A third pattern is code execution with tool access. The sandbox environment has access to certain libraries or helper functions that effectively act as tools. The model writes code that calls db.query("SELECT ...") or api.send_email(to, subject, body). The code has more flexibility than structured tool calls, but the available operations are still controlled through what you expose in the sandbox.
The security boundaries need careful thought in combined architectures. Tool calls are validated by your application code before execution. Code execution is contained by the sandbox. If you let code execution call tools directly (bypassing your validation layer), you lose the safety guarantees of tool calling. Keep the security models separate: tool calls go through your validation pipeline, code runs in the sandbox, and data flows between them through controlled interfaces.
Common mistakes
Using tool calling for computation. Building a calculate tool or an analyze_data tool with dozens of parameters to avoid code execution. The tool becomes unwieldy, the parameter space explodes, and the model struggles to construct the right call. If the task is computational, let the model write code. That is what code execution is for.

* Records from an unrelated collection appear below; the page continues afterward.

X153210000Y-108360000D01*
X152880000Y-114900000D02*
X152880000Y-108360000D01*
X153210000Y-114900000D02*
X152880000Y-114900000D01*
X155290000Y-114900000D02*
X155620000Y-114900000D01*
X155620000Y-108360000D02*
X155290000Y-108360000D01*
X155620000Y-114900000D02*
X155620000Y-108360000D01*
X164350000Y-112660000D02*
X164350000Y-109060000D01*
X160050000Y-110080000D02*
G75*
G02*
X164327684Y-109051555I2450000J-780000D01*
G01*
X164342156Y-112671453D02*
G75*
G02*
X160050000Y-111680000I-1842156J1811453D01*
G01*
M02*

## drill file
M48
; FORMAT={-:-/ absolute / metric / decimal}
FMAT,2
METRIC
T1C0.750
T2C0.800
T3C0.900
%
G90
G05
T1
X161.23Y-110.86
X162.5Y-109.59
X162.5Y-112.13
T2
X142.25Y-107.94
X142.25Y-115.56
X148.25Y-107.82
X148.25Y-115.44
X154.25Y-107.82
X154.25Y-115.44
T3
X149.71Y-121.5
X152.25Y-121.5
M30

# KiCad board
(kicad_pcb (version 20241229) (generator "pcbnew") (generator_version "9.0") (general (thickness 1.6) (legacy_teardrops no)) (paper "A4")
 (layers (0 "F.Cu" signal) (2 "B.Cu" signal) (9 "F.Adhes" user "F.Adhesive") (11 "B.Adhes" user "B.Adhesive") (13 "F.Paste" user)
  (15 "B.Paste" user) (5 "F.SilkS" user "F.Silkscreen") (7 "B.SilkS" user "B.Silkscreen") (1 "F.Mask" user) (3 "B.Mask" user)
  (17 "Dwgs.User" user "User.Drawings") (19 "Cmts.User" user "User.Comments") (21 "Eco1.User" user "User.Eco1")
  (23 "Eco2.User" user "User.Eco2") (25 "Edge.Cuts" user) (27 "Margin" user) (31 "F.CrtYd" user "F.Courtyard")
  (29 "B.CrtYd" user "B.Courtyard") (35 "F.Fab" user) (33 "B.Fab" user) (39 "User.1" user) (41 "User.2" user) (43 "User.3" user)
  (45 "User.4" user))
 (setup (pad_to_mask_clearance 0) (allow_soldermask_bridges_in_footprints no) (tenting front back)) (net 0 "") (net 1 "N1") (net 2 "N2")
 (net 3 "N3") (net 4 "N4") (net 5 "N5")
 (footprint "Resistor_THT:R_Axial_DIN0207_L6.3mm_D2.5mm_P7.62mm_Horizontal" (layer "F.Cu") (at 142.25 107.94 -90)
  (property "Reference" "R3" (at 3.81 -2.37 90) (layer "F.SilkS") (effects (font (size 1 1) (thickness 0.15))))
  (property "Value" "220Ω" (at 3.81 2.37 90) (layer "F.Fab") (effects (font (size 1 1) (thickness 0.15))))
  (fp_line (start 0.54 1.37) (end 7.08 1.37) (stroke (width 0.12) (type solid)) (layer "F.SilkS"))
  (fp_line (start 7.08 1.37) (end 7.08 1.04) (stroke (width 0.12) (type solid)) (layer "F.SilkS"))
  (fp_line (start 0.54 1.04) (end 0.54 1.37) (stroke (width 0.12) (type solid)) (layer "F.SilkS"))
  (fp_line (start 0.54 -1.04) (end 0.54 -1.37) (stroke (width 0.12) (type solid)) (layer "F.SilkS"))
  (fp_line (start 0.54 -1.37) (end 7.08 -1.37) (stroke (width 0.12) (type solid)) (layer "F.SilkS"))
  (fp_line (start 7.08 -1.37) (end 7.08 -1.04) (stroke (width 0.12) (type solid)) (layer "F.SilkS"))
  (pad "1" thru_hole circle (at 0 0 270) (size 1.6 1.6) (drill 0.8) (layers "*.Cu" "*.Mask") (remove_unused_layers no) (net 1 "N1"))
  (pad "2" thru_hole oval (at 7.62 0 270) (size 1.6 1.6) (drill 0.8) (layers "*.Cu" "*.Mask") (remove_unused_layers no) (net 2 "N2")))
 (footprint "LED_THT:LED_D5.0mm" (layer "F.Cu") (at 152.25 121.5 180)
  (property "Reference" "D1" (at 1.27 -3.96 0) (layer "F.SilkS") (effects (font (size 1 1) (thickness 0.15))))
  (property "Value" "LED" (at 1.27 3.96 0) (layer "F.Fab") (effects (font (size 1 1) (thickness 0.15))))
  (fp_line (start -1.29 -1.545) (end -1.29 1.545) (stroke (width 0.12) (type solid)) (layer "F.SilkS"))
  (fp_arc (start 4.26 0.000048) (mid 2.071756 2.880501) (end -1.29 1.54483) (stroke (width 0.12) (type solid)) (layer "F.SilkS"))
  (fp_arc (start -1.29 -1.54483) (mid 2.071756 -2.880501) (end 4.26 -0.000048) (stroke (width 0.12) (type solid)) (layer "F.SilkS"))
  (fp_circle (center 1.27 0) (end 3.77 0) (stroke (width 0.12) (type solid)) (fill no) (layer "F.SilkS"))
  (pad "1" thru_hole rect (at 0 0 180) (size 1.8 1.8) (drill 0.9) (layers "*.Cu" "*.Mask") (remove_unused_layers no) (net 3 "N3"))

Using code execution for API calls. Letting the model write requests.post("https://api.example.com/...") in generated code instead of defining a proper tool. This means your API keys need to be in the sandbox environment, the model might construct malformed requests, error handling is ad hoc, and you have no centralized logging or rate limiting. API interactions should go through tools.
Underestimating sandbox security. "We will just run it in a Docker container" is a start, not a complete security model. You also need: resource limits (CPU, memory, time), network restrictions (block all outbound traffic or restrict to specific endpoints), filesystem isolation (no access to host filesystem), process limits (no fork bombs), and input sanitization (no shell injection through code string construction). Production sandboxes like E2B, Modal, and Fly.io handle most of this for you.
Not handling code execution failures. Generated code fails more often than tool calls. Syntax errors, runtime exceptions, import errors for unavailable libraries, infinite loops. Your system needs to catch these failures, present them to the model, and let it retry with corrected code. Most successful implementations allow two or three retry attempts with error feedback.
Ignoring output validation. Just because code executed successfully does not mean the output is correct. A chart might have swapped axes. A calculation might use the wrong formula. Consider adding a validation step where the model reviews the code output before presenting it to the user, especially for high-stakes computations.
Making the sandbox too restrictive. If the sandbox does not have the libraries the model needs (pandas, numpy, matplotlib, scipy), the model will fail on common tasks. Pre-install the libraries your use case requires. If you are too restrictive, the model will try to work around the restrictions, which often produces worse results than just providing the right tools.
Not logging generated code. Unlike tool calls (which have structured logs: tool name, parameters, result), code execution produces opaque logs unless you explicitly capture the generated code, its output, and any errors. For debugging, auditing, and monitoring, you need to log the full code string alongside the execution result.
References
- Schick, T., et al. "Toolformer: Language Models Can Teach Themselves to Use Tools." NeurIPS 2023.
- Qin, Y., et al. "Tool Learning with Foundation Models." 2024.
- OpenAI. "Function Calling." API Documentation. 2024.
- Anthropic. "Tool Use." API Documentation. 2024.
- Chen, B., et al. "ChatCoT: Tool-Augmented Chain-of-Thought Reasoning on Chat-based Large Language Models." 2023.
- E2B. "Open-Source Sandboxes for AI-Generated Code." 2024.